Hi Bret, I’ve been following your blog for a while, and it’s filled with great information on glute training. I dig the whole hip thrust thing, but to be honest I’m just not feeling them! I’ve been performing hip thrusts for two months now, and I feel them mostly in my quads, not in my glutes at all. Am I doing something wrong? I look forward to your response. – Dan

Hello Dan! Great question, and I’m glad you asked this for three reasons. First, I addressed Hamstring Dominance (read this if you haven’t already) seven months ago, so it’s about time I address Quad Dominance. Second, there are a lot of people who find themselves in this situation, so it’s an important question. And third, I just recently figured out an excellent solution. Here you go:

1. Do Feet-Elevated Bridging While Pushing Through the Heels (Heel Elevated Glute Bridge)

Some trainers/coaches out there who figured this out long ago will laugh at me for this (being that I’m The Glute Guy and all), but I just recently realized the value of heel-elevated bridging. These were very popular long before I came around. My EMG research showed that shoulder-elevation was better for glute activity, which makes sense as at the top of the lift, the hips are holding up a greater percentage of bodyweight due to the angle of the body (similar to a feet-elevated push-up versus a torso-elevated push-up).

But there are many lifters who feel hip thrusts mostly in their quads. The shoulder-elevation greatly increases quadriceps activation. As a matter of fact, here’s a chart showing mean and peak EMG data from an experiment I conducted a few years back with hip thrusts versus barbell glute bridges:

With 90 less pounds, the hip thrust still activated 35% more mean quad and 75% more peak quad.

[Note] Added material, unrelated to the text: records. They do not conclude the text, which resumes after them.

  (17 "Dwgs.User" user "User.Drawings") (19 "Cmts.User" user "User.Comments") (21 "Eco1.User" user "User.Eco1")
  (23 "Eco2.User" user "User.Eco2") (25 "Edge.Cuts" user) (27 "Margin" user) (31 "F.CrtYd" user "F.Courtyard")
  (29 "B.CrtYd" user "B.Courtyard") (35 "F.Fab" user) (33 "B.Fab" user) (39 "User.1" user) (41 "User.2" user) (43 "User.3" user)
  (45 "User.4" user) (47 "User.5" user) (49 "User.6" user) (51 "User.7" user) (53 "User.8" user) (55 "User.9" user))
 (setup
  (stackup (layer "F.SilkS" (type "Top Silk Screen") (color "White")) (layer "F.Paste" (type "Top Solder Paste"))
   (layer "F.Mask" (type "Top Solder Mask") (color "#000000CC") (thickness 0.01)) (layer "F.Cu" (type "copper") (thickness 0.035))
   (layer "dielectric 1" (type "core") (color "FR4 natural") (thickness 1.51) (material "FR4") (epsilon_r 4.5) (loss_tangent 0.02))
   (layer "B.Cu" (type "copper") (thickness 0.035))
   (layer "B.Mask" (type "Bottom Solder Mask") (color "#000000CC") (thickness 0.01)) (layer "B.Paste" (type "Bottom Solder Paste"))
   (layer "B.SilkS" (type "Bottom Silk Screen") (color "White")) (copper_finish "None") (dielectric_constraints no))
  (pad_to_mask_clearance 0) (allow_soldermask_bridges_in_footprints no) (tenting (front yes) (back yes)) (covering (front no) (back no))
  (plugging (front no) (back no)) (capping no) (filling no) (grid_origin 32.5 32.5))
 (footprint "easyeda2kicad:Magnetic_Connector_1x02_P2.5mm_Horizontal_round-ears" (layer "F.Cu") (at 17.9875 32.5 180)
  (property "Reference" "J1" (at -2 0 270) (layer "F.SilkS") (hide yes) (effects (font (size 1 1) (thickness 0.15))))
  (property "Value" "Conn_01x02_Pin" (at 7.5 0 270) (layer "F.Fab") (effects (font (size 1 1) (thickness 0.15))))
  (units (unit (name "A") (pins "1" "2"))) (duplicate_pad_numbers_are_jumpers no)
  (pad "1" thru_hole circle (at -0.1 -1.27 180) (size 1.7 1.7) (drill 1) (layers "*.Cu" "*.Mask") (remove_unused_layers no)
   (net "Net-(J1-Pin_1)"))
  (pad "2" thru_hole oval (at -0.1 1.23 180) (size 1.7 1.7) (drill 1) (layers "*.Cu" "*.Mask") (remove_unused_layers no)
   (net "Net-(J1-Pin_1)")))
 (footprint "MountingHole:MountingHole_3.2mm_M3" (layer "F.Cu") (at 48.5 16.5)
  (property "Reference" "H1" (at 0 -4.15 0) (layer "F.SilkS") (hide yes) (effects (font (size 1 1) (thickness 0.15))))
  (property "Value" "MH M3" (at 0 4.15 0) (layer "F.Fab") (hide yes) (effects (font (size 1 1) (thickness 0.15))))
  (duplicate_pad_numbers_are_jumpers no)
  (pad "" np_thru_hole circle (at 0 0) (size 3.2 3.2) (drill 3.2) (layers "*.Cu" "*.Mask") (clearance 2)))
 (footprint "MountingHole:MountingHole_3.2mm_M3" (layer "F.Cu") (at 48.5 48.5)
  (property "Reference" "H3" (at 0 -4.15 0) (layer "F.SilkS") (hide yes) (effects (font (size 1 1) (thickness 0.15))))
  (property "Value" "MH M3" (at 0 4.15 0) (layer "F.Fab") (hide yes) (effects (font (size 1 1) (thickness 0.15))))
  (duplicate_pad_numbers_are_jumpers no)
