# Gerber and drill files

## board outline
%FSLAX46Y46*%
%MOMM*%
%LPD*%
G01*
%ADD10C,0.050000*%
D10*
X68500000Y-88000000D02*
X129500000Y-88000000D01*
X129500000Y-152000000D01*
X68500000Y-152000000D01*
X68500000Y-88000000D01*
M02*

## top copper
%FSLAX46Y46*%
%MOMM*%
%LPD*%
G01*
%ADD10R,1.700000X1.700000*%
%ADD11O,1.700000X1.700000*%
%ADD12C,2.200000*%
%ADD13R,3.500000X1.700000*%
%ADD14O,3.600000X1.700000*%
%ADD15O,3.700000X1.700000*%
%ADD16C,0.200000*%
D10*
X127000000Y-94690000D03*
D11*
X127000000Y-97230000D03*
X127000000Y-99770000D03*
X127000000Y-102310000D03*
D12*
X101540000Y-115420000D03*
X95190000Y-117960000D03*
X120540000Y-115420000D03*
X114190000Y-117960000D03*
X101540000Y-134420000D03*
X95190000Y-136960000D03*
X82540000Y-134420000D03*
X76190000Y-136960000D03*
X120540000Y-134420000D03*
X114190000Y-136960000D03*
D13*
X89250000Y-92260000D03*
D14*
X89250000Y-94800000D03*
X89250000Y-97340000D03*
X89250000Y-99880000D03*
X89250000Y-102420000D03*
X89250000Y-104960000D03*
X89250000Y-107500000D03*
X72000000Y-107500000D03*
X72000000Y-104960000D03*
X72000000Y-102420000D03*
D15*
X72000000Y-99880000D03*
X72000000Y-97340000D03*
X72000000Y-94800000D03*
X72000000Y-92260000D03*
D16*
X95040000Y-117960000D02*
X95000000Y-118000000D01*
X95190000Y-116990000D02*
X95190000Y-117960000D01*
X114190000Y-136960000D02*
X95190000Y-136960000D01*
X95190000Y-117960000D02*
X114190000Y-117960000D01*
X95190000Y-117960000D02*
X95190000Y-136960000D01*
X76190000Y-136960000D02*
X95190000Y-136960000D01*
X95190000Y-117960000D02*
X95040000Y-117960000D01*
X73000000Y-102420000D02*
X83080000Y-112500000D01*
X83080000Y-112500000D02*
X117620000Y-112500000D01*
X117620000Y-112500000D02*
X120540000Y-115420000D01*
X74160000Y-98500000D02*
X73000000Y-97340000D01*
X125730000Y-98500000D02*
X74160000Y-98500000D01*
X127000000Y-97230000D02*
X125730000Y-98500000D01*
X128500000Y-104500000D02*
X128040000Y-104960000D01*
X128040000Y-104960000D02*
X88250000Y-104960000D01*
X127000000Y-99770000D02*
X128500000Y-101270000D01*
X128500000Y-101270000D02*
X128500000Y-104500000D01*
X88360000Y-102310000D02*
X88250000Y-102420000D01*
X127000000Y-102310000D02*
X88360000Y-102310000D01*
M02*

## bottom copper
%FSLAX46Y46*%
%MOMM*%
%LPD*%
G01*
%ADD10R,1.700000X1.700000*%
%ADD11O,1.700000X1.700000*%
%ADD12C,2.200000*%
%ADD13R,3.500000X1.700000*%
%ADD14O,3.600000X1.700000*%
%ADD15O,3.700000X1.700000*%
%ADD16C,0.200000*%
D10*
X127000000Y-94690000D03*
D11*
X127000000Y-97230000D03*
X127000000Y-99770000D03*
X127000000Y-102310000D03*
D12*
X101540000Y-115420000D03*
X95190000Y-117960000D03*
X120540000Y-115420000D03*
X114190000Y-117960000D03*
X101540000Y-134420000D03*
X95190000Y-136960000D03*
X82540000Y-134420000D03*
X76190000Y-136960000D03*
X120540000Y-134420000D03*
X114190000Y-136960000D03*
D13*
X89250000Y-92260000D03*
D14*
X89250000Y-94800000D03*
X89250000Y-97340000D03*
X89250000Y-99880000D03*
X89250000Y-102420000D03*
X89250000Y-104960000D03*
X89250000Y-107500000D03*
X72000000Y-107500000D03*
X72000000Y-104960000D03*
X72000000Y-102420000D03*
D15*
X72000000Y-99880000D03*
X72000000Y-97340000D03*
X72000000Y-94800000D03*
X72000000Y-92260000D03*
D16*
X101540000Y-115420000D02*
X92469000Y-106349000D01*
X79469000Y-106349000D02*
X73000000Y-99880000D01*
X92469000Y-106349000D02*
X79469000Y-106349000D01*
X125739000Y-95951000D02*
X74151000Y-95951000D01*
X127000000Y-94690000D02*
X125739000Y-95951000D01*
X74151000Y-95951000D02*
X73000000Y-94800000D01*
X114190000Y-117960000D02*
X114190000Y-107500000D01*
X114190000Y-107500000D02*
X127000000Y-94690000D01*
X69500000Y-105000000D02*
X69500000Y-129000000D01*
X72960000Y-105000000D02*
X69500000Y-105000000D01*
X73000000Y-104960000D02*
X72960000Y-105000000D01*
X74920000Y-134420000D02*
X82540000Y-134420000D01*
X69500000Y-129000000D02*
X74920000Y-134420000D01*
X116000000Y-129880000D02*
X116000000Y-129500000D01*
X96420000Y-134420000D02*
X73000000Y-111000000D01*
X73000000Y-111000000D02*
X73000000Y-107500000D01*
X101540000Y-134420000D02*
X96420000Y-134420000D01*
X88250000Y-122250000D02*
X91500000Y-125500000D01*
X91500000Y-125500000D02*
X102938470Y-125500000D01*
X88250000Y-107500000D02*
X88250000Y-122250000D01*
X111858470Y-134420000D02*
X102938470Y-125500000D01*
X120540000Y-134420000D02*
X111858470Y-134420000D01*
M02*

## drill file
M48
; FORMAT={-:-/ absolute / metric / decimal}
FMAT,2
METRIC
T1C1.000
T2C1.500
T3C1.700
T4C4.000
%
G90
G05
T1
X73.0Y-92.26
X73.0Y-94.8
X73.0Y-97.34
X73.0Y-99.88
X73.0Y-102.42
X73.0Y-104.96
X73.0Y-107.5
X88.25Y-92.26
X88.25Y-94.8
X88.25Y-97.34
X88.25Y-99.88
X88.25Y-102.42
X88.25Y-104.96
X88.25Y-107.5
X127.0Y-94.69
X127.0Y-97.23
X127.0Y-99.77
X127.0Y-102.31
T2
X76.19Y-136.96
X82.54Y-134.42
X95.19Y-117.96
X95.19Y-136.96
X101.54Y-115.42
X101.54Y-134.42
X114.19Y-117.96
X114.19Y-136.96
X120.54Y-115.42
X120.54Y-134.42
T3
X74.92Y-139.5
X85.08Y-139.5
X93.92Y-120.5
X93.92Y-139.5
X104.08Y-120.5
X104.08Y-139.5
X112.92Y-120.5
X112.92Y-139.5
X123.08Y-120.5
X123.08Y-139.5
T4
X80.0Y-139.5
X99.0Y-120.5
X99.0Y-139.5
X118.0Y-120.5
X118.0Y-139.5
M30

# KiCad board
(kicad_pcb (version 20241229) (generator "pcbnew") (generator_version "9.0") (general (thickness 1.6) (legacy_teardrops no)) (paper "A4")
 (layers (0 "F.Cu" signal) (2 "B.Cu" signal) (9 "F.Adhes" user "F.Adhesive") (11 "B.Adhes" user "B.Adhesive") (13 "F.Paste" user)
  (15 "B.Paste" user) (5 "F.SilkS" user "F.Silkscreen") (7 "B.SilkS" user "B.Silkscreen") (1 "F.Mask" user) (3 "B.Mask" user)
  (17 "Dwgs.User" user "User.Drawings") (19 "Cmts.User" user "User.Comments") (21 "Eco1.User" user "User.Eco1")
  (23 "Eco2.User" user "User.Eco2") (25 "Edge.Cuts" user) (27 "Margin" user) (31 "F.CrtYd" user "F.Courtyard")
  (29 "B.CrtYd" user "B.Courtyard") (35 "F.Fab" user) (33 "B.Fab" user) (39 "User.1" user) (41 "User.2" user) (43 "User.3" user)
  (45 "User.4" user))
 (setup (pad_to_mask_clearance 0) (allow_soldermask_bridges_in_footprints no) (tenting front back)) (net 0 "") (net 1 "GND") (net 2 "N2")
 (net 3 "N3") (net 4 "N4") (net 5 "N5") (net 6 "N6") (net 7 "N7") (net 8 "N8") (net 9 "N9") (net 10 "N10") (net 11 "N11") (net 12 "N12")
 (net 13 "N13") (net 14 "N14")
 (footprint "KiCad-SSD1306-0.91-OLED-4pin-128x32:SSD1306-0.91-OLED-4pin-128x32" (layer "F.Cu") (at 90.5 92.5)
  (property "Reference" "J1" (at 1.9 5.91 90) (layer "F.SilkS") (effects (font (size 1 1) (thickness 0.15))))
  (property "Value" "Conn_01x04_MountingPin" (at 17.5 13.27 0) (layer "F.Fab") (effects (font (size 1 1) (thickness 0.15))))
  (pad "1" thru_hole rect (at 36.5 2.19) (size 1.7 1.7) (drill 1) (layers "*.Cu" "*.Mask") (remove_unused_layers no) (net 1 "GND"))
  (pad "2" thru_hole oval (at 36.5 4.73) (size 1.7 1.7) (drill 1) (layers "*.Cu" "*.Mask") (remove_unused_layers no) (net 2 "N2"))
  (pad "3" thru_hole oval (at 36.5 7.27) (size 1.7 1.7) (drill 1) (layers "*.Cu" "*.Mask") (remove_unused_layers no) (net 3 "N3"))
  (pad "4" thru_hole oval (at 36.5 9.81) (size 1.7 1.7) (drill 1) (layers "*.Cu" "*.Mask") (remove_unused_layers no) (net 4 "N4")))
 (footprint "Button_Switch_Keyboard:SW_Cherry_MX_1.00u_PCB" (layer "F.Cu") (at 101.54 115.42)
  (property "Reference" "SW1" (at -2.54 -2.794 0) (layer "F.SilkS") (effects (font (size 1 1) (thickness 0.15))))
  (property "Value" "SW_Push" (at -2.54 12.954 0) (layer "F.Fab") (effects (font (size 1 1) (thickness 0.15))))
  (pad "" np_thru_hole circle (at -7.62 5.08) (size 1.7 1.7) (drill 1.7) (layers "*.Cu" "*.Mask"))
  (pad "" np_thru_hole circle (at -2.54 5.08) (size 4 4) (drill 4) (layers "*.Cu" "*.Mask"))
  (pad "" np_thru_hole circle (at 2.54 5.08) (size 1.7 1.7) (drill 1.7) (layers "*.Cu" "*.Mask"))
  (pad "1" thru_hole circle (at 0 0) (size 2.2 2.2) (drill 1.5) (layers "*.Cu" "*.Mask") (remove_unused_layers no) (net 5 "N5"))
  (pad "2" thru_hole circle (at -6.35 2.54) (size 2.2 2.2) (drill 1.5) (layers "*.Cu" "*.Mask") (remove_unused_layers no) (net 1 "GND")))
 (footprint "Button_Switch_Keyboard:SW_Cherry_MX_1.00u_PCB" (layer "F.Cu") (at 120.54 115.42)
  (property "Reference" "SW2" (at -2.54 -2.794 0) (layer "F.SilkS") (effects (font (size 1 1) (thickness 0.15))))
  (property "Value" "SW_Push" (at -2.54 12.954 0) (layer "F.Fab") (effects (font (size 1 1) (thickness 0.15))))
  (pad "" np_thru_hole circle (at -7.62 5.08) (size 1.7 1.7) (drill 1.7) (layers "*.Cu" "*.Mask"))
  (pad "" np_thru_hole circle (at -2.54 5.08) (size 4 4) (drill 4) (layers "*.Cu" "*.Mask"))
  (pad "" np_thru_hole circle (at 2.54 5.08) (size 1.7 1.7) (drill 1.7) (layers "*.Cu" "*.Mask"))
  (pad "1" thru_hole circle (at 0 0) (size 2.2 2.2) (drill 1.5) (layers "*.Cu" "*.Mask") (remove_unused_layers no) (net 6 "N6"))
  (pad "2" thru_hole circle (at -6.35 2.54) (size 2.2 2.2) (drill 1.5) (layers "*.Cu" "*.Mask") (remove_unused_layers no) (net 1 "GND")))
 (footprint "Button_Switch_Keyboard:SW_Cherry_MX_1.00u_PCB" (layer "F.Cu") (at 101.54 134.42)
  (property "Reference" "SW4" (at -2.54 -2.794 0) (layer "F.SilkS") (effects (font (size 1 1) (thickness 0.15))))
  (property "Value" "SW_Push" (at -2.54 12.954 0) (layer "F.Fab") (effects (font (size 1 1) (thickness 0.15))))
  (pad "" np_thru_hole circle (at -7.62 5.08) (size 1.7 1.7) (drill 1.7) (layers "*.Cu" "*.Mask"))
  (pad "" np_thru_hole circle (at -2.54 5.08) (size 4 4) (drill 4) (layers "*.Cu" "*.Mask"))
  (pad "" np_thru_hole circle (at 2.54 5.08) (size 1.7 1.7) (drill 1.7) (layers "*.Cu" "*.Mask"))
  (pad "1" thru_hole circle (at 0 0) (size 2.2 2.2) (drill 1.5) (layers "*.Cu" "*.Mask") (remove_unused_layers no) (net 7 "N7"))
  (pad "2" thru_hole circle (at -6.35 2.54) (size 2.2 2.2) (drill 1.5) (layers "*.Cu" "*.Mask") (remove_unused_layers no) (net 1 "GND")))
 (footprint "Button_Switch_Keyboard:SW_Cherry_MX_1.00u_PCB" (layer "F.Cu") (at 82.54 134.42)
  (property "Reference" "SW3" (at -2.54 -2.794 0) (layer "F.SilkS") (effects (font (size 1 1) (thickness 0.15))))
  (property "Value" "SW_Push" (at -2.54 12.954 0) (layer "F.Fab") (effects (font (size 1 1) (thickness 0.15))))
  (pad "" np_thru_hole circle (at -7.62 5.08) (size 1.7 1.7) (drill 1.7) (layers "*.Cu" "*.Mask"))
  (pad "" np_thru_hole circle (at -2.54 5.08) (size 4 4) (drill 4) (layers "*.Cu" "*.Mask"))
  (pad "" np_thru_hole circle (at 2.54 5.08) (size 1.7 1.7) (drill 1.7) (layers "*.Cu" "*.Mask"))
  (pad "1" thru_hole circle (at 0 0) (size 2.2 2.2) (drill 1.5) (layers "*.Cu" "*.Mask") (remove_unused_layers no) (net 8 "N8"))
  (pad "2" thru_hole circle (at -6.35 2.54) (size 2.2 2.2) (drill 1.5) (layers "*.Cu" "*.Mask") (remove_unused_layers no) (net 1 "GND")))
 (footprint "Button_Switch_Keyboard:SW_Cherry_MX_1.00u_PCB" (layer "F.Cu") (at 120.54 134.42)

With the heel-elevated variation, you’re taking the quads out of the lift for the most part, in addition to increasing the functionality of the hamstrings. In this variation, the hammies have to function as isometric knee flexors to prevent knee extension, in addition to extending the hips in concert with the gluteus maximus. And this knee-flexion component is even more pronounced when you push through the heels (rather than placing your feet on the edge of the bench and pushing through the forefeet) as shown in the video below.

Moreover, since the top range is more unloaded for the hips compared to the shoulder-elevated version, the motor control aspect is easier for the glutes. In other words, it’s easier to control glute functionality with lighter loading since compensation patterns are less likely to emerge. Lifters who struggle to squeeze the glutes at end-range or who struggle to engage in a slight posterior pelvic tilt will find it easier in this variation compared to the shoulder-elevated variation.

This is Diana; a quad-dominant hip thruster. She feels hip thrusts mainly in her quads, and it isn’t until the very end of the set where she actually feels the glutes doing anything. She’s able to hip thrust 155 x 20 reps, but she doesn’t feel the burn in her glutes or get a glute cramp or glute pump when doing them.

Compare that to the heel-elevated glute bridge. She cramps up and is burning like crazy with only 30 bodyweight repetitions. She feel her hammies doing around 30% and her glutes doing around 70% of the lift, but more importantly, she feels the quads doing 0% (nothing).

Therefore, she gets more out of 30 bodyweight heel-elevated glute bridges than she does with 20 barbell hip thrusts with 155 pounds of external loading.

This variation should initially be prescribed to all lifters who feel hip thrusts mostly in their quads.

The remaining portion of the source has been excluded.